The final pain point was being able to get the files off the Pi to a system with a monitor.  I decided to use syncthing which I use for a number of other file synchronization tasks.  It is available in the regular apt repos and installs as usual.  I closely followed the excellent docs for configuration and setting up the systemd service.  It is set up very similar to Motion as above.

pi@picam:~ $ systemctl status syncthing@pi.service
● syncthing@pi.service - Syncthing - Open Source Continuous File Synchronization for pi
   Loaded: loaded (/lib/systemd/system/syncthing@.service; enabled; vendor preset: enabled)
   Active: active (running) since Fri 2018-09-14 20:52:50 EDT; 14h ago
     Docs: man:syncthing(1)
 Main PID: 324 (syncthing)
   CGroup: /system.slice/system-syncthing.slice/syncthing@pi.service
           └─324 /usr/bin/syncthing -no-browser -no-restart -logflags=0

pi@picam:~ $ ps -ef | grep [s]yncthing
pi         324     1  1 Sep14 ?        00:07:29 /usr/bin/syncthing -no-browser -no-restart -logflags=0

After syncthing was setup, I added one of my home systems as a remote device.  The system I chose has cloud backup in case I need a file later.  I then set up synchronization on /home/pi/MotionCaptures which is configured (see above) to be the target directory for all Motion images and video.  Again, see the syncthing docs for the remote device and synchronization setup.

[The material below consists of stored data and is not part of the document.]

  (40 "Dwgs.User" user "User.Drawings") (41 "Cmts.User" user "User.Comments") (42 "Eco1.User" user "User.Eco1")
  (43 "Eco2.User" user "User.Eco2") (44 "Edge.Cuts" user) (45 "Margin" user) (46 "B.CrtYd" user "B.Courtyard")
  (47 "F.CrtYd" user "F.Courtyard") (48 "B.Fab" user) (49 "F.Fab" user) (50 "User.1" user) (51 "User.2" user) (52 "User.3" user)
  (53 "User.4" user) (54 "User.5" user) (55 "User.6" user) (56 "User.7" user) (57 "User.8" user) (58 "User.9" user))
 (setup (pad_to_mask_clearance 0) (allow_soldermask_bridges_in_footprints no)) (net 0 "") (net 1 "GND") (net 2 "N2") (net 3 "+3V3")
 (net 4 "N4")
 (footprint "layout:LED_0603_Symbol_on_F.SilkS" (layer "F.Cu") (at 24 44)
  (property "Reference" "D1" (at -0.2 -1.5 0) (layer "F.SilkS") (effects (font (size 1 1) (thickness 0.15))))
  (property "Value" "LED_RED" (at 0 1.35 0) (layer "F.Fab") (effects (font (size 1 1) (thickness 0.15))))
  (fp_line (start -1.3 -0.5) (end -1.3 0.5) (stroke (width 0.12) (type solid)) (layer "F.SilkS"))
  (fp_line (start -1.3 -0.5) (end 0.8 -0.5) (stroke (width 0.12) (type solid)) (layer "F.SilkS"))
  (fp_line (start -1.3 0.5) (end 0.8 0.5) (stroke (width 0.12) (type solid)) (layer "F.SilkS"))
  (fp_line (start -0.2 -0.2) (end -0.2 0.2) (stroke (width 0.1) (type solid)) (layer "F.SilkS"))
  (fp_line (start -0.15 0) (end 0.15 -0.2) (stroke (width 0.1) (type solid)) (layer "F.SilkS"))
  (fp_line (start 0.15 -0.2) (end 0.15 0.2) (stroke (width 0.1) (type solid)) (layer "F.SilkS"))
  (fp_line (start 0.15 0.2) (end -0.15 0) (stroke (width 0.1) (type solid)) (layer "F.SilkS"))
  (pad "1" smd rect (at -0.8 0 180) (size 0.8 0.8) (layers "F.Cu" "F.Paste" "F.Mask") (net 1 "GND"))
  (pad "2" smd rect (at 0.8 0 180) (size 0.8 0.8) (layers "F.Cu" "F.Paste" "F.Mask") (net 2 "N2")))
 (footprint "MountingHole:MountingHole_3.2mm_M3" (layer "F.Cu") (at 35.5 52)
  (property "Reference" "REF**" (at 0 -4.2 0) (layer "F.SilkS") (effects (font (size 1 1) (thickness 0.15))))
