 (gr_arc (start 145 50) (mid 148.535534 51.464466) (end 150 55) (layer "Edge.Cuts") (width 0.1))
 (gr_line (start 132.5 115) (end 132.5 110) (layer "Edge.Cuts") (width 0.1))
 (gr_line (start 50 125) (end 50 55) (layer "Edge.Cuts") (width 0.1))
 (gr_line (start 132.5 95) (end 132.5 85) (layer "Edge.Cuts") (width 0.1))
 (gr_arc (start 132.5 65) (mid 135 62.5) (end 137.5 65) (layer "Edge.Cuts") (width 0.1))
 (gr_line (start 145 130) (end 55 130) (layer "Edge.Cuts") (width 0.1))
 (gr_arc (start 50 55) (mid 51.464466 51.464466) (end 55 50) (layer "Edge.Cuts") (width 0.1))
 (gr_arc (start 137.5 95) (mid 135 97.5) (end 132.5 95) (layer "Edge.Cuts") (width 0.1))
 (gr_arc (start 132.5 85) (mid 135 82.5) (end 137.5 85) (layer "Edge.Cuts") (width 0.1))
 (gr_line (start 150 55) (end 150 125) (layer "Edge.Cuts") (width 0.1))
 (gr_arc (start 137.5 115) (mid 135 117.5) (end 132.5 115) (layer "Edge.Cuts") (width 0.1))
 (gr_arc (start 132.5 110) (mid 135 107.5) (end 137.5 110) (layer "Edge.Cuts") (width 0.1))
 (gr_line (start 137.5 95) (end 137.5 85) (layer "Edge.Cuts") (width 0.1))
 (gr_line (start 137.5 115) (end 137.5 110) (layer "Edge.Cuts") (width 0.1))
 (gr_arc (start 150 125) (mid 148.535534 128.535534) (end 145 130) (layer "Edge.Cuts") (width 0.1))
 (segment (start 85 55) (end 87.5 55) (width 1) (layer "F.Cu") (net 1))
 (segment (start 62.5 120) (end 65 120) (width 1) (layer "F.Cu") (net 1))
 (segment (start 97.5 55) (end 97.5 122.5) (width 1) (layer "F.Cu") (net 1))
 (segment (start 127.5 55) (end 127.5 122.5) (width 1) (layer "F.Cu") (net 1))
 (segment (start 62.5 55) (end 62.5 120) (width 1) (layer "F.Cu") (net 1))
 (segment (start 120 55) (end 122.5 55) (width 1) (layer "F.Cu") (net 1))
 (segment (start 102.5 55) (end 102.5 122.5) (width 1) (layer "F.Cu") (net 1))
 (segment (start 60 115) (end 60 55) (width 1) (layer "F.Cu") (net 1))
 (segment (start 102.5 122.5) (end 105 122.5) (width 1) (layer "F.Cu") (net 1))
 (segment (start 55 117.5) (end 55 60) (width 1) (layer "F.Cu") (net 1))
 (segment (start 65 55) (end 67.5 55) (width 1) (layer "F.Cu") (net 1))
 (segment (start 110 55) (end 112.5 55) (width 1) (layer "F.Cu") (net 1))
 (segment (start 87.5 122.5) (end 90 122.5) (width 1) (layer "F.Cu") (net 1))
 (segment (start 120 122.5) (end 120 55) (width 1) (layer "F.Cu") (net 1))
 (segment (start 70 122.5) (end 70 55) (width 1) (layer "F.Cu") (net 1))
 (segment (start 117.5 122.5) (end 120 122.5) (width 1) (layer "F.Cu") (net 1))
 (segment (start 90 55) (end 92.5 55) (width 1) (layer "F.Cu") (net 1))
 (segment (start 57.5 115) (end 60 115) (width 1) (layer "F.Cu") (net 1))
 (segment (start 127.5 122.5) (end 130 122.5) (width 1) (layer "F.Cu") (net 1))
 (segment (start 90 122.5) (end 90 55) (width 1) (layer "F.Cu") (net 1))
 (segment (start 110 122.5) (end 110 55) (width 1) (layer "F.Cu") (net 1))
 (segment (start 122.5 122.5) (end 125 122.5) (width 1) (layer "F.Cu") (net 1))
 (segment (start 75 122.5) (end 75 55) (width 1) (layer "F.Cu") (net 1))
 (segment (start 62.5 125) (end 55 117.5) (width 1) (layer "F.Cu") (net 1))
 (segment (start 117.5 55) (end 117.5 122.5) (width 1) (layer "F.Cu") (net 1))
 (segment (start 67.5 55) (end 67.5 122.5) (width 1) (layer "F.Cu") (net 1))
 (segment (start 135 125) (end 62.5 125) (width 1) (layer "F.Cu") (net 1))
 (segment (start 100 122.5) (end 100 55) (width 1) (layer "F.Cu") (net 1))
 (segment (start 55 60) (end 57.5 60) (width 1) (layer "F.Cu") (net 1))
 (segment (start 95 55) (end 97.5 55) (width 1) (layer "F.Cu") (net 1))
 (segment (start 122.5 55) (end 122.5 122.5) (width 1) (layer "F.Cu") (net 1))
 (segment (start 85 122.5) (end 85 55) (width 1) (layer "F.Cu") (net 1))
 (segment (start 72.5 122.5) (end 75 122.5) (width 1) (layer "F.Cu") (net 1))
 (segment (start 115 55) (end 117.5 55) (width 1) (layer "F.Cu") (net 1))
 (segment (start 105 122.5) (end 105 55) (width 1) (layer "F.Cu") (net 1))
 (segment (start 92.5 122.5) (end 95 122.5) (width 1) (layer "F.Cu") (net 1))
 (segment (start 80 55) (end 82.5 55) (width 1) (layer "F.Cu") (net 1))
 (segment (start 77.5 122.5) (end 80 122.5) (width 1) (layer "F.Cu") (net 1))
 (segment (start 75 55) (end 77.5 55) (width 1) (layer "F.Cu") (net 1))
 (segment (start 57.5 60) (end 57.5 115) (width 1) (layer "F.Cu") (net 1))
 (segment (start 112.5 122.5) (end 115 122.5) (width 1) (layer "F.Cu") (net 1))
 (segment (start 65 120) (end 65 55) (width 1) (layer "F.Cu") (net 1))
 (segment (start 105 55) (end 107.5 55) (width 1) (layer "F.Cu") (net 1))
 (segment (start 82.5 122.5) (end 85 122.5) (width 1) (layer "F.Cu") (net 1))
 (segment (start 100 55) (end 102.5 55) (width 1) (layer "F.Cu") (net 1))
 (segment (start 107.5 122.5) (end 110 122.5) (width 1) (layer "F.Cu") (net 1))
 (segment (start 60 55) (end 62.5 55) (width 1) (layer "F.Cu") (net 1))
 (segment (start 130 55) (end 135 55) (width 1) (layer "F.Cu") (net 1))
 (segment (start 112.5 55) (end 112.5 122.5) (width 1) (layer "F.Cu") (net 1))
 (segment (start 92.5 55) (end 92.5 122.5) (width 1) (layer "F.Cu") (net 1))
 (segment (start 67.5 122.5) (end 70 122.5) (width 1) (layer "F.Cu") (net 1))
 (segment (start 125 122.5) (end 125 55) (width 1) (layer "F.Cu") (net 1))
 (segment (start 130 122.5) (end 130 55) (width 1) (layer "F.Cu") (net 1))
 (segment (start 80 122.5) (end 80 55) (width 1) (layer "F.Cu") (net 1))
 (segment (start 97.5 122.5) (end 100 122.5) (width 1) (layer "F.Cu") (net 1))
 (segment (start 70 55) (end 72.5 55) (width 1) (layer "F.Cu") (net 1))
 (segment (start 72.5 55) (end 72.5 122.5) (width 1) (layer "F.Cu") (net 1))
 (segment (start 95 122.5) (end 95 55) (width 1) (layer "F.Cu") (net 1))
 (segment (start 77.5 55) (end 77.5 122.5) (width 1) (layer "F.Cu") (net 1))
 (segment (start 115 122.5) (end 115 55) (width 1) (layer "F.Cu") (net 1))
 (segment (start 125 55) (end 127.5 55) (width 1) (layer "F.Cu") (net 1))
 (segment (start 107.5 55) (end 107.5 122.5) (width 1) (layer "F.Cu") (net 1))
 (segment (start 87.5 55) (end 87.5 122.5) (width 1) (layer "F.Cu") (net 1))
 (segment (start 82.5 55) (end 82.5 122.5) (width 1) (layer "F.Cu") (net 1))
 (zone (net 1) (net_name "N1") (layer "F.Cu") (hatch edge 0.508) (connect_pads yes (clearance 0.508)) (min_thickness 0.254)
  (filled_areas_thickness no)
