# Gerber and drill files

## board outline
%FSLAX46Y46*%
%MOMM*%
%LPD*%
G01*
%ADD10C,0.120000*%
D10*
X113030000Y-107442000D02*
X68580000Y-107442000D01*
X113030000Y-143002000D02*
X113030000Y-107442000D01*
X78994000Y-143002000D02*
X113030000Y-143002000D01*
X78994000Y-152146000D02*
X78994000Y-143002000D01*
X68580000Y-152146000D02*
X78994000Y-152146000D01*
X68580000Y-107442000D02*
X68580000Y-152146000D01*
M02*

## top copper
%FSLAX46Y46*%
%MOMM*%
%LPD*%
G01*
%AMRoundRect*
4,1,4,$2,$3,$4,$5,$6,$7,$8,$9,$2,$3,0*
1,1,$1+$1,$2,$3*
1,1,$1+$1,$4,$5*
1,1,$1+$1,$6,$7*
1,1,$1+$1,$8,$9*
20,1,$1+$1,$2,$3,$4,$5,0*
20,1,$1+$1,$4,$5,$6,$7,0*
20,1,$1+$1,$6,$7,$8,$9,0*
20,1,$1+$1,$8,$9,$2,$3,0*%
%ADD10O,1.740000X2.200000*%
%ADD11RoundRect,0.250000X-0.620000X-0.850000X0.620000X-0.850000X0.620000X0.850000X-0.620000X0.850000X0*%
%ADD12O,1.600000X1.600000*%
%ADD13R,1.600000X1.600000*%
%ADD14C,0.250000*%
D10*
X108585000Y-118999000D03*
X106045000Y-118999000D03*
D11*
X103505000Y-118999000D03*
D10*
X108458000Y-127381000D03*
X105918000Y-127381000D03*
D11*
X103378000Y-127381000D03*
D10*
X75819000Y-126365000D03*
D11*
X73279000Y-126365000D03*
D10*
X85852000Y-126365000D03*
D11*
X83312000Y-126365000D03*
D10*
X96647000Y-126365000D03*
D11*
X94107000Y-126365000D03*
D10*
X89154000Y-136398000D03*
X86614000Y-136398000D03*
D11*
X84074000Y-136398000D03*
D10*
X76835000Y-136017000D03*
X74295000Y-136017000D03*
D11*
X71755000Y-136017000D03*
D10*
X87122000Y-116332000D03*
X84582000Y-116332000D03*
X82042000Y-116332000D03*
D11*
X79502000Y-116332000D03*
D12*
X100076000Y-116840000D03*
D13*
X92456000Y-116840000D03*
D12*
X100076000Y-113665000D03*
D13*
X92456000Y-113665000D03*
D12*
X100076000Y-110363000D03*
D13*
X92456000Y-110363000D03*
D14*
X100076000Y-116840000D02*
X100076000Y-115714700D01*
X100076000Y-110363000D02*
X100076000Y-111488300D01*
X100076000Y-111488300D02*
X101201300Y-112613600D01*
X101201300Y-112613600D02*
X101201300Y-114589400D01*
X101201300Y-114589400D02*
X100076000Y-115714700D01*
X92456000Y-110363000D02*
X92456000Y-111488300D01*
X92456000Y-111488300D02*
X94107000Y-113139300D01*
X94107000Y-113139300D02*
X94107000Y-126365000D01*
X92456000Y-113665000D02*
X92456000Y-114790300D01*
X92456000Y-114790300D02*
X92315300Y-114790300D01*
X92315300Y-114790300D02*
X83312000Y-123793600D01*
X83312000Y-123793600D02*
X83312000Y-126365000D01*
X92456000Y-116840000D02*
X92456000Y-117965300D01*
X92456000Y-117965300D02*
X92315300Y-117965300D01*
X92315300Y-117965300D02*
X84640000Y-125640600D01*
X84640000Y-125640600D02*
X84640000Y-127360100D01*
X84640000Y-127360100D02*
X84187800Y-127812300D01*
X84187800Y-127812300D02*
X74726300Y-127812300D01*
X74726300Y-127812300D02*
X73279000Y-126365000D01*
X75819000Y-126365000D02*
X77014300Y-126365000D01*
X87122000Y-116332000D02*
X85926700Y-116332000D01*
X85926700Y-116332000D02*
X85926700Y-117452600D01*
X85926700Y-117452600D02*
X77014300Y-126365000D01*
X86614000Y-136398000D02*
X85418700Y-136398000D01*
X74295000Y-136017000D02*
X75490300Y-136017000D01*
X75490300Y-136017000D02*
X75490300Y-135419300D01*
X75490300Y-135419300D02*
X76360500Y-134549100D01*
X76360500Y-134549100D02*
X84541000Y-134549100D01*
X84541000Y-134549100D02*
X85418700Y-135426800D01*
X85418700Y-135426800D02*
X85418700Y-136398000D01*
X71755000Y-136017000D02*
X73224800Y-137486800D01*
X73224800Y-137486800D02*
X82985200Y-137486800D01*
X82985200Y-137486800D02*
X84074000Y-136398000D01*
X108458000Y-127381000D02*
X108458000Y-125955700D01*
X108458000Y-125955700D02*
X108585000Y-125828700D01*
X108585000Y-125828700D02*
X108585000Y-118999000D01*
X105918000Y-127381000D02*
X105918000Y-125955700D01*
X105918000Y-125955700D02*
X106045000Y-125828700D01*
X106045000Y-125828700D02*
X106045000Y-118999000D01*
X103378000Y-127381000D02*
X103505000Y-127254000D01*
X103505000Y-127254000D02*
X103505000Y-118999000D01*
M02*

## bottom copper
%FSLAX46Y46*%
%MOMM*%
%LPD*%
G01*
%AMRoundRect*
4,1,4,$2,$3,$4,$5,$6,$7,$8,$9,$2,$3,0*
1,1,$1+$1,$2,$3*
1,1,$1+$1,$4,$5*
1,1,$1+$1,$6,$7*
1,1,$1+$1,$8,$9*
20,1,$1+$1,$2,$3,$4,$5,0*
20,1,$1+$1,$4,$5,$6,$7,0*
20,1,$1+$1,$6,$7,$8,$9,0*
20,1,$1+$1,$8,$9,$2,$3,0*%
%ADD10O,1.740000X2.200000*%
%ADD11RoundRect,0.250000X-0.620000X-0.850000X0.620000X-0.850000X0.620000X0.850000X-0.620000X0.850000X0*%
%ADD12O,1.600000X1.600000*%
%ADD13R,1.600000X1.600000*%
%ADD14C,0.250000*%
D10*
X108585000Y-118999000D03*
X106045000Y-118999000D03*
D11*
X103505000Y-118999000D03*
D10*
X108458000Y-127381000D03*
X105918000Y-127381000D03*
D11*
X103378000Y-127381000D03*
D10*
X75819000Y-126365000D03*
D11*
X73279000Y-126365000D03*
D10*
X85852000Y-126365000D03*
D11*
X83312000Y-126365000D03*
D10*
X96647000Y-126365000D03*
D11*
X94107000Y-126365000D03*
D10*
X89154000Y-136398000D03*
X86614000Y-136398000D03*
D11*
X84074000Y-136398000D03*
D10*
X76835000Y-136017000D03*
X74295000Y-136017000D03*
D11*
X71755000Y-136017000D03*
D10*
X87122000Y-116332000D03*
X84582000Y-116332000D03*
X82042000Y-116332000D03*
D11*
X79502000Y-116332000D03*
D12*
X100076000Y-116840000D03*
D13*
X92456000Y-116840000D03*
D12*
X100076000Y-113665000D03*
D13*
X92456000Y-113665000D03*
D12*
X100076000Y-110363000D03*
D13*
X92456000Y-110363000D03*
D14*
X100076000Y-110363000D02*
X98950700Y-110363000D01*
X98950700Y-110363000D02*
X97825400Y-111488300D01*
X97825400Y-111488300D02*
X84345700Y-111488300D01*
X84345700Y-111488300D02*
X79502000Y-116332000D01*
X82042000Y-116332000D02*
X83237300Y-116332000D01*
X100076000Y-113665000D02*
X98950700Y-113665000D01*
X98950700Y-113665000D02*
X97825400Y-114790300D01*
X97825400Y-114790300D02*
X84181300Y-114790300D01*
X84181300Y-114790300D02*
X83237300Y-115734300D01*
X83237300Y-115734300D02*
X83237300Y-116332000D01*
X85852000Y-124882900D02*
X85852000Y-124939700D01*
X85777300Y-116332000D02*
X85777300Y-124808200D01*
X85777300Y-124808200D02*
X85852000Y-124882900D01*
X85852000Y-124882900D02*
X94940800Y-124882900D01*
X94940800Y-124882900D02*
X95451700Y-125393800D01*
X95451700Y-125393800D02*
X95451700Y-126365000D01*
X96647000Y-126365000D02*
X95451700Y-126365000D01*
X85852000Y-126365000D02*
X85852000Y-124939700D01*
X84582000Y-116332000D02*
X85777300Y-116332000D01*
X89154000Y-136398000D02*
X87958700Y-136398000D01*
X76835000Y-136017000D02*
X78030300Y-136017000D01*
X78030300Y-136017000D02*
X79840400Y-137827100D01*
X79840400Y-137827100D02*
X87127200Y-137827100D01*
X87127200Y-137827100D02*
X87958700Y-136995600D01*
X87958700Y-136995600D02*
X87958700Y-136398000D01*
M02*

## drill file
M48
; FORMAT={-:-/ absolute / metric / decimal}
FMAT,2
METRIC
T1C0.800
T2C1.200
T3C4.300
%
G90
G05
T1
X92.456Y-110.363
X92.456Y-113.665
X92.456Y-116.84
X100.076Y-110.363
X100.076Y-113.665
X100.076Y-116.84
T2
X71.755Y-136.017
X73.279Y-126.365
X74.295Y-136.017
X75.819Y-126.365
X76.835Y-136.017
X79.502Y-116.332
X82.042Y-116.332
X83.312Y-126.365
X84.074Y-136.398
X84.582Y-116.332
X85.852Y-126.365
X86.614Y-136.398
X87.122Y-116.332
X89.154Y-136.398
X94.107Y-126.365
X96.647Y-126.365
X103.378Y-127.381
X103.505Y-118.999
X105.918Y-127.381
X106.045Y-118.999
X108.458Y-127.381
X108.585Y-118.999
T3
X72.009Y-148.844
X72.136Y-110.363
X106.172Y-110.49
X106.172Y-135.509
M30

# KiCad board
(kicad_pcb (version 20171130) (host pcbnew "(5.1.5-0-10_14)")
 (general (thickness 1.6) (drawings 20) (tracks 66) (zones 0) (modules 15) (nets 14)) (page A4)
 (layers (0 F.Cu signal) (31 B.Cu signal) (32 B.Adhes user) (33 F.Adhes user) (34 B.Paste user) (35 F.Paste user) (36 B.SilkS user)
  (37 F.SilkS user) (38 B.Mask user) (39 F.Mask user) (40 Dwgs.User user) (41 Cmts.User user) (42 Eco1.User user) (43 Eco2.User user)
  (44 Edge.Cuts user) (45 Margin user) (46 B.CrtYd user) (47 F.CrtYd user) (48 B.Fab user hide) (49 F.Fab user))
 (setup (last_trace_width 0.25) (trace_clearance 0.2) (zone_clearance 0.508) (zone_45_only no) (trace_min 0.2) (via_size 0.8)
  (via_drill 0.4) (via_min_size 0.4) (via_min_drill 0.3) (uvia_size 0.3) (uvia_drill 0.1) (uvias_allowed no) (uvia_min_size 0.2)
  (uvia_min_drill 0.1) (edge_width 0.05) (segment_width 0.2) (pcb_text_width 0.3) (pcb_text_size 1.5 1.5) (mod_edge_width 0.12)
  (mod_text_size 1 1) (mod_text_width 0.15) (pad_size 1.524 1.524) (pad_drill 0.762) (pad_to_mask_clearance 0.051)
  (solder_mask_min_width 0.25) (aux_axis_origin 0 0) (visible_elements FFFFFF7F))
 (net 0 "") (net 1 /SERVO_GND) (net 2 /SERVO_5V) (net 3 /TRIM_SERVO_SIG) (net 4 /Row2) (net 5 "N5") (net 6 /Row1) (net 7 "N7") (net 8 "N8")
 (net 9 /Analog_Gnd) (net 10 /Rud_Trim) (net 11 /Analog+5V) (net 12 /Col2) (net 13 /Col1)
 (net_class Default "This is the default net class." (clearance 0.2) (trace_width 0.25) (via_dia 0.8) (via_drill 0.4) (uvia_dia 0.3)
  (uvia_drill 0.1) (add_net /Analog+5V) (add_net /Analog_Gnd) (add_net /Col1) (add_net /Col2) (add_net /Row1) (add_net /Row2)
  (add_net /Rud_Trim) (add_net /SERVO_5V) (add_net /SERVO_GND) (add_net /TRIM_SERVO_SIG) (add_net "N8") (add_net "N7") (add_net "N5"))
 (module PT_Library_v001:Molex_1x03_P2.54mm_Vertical (layer F.Cu) (at 103.505 118.999)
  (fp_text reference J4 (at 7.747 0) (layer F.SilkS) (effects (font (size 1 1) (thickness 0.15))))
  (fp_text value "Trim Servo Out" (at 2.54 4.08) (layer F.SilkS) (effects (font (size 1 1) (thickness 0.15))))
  (pad 3 thru_hole oval (at 5.08 0) (size 1.74 2.2) (drill 1.2) (layers *.Cu *.Mask) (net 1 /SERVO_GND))
  (pad 2 thru_hole oval (at 2.54 0) (size 1.74 2.2) (drill 1.2) (layers *.Cu *.Mask) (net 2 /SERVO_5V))
  (pad 1 thru_hole roundrect (at 0 0) (size 1.74 2.2) (drill 1.2) (layers *.Cu *.Mask) (roundrect_rratio 0.143678) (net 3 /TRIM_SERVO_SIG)))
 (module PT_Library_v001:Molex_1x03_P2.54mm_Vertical (layer F.Cu) (at 103.378 127.381)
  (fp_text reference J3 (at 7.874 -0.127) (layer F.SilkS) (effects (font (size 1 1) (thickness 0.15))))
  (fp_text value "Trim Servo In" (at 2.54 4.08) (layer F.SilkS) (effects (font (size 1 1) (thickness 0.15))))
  (pad 3 thru_hole oval (at 5.08 0) (size 1.74 2.2) (drill 1.2) (layers *.Cu *.Mask) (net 1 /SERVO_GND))
  (pad 2 thru_hole oval (at 2.54 0) (size 1.74 2.2) (drill 1.2) (layers *.Cu *.Mask) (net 2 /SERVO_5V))
  (pad 1 thru_hole roundrect (at 0 0) (size 1.74 2.2) (drill 1.2) (layers *.Cu *.Mask) (roundrect_rratio 0.143678) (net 3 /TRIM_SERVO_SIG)))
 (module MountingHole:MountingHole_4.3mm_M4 (layer F.Cu) (at 72.009 148.844)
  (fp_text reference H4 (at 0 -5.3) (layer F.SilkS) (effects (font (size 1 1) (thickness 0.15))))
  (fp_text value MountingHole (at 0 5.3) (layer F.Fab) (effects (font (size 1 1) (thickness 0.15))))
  (pad 1 np_thru_hole circle (at 0 0) (size 4.3 4.3) (drill 4.3) (layers *.Cu *.Mask)))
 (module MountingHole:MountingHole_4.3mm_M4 (layer F.Cu) (at 106.172 135.509)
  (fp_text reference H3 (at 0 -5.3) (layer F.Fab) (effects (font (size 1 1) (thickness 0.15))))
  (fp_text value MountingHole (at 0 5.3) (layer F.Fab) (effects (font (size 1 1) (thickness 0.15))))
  (pad 1 np_thru_hole circle (at 0 0) (size 4.3 4.3) (drill 4.3) (layers *.Cu *.Mask)))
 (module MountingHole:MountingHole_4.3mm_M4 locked (layer F.Cu) (at 72.136 110.363)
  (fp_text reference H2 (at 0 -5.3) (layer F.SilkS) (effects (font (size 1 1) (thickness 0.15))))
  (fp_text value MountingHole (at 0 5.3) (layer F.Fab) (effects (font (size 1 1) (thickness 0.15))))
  (pad 1 np_thru_hole circle (at 0 0) (size 4.3 4.3) (drill 4.3) (layers *.Cu *.Mask)))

Finally, I tested the JuiceBox Zero to see how long this system could run on battery.  It turns out it is only about 10 hours with the battery I purchased, so I think this is going to be a power backup solution for now.  Just in case I do have an extended outage, I wanted to be sure my filesystem doesn't get corrupted by a hard shutdown.  I installed the LowBatteryShutdown script provided by JuiceBox Zero using their directions.  After I installed the script, I noticed that the system was being a lot less responsive.  There was definitely something going on with the shutdown script:

pi@picam:~ $ top
top - 08:38:10 up 3 min,  2 users,  load average: 1.41, 1.41, 0.66
Tasks:  99 total,   2 running,  67 sleeping,   0 stopped,   1 zombie
%Cpu(s): 98.7 us,  1.3 sy,  0.0 ni,  0.0 id,  0.0 wa,  0.0 hi,  0.0 si,  0.0 st
KiB Mem :   378904 total,    50872 free,   120048 used,   207984 buff/cache
KiB Swap:   102396 total,   102396 free,        0 used.   203500 avail Mem

  PID USER      PR  NI    VIRT    RES    SHR S %CPU %MEM     TIME+ COMMAND
  309 root      20   0   17376   5036   3348 R 90.1  1.3   2:33.96 python

pi@picam:~ $ ps -ef | grep 309
root       309   294 55 08:34 ?        00:01:13 python /home/pi/LowBatteryShutdown/LowBatteryShutdown.py

Once you look at the code, the culprit is pretty obvious:

...
# Now we wait here for something amazing to happen
while True:
    # Do Nothing
    pass

This busy wait is VERY busy.  So, I fixed the problem and sent a pull request.

This little system will be living on the window of my office, and will be incorporated into the design of my final SBC mounting solution.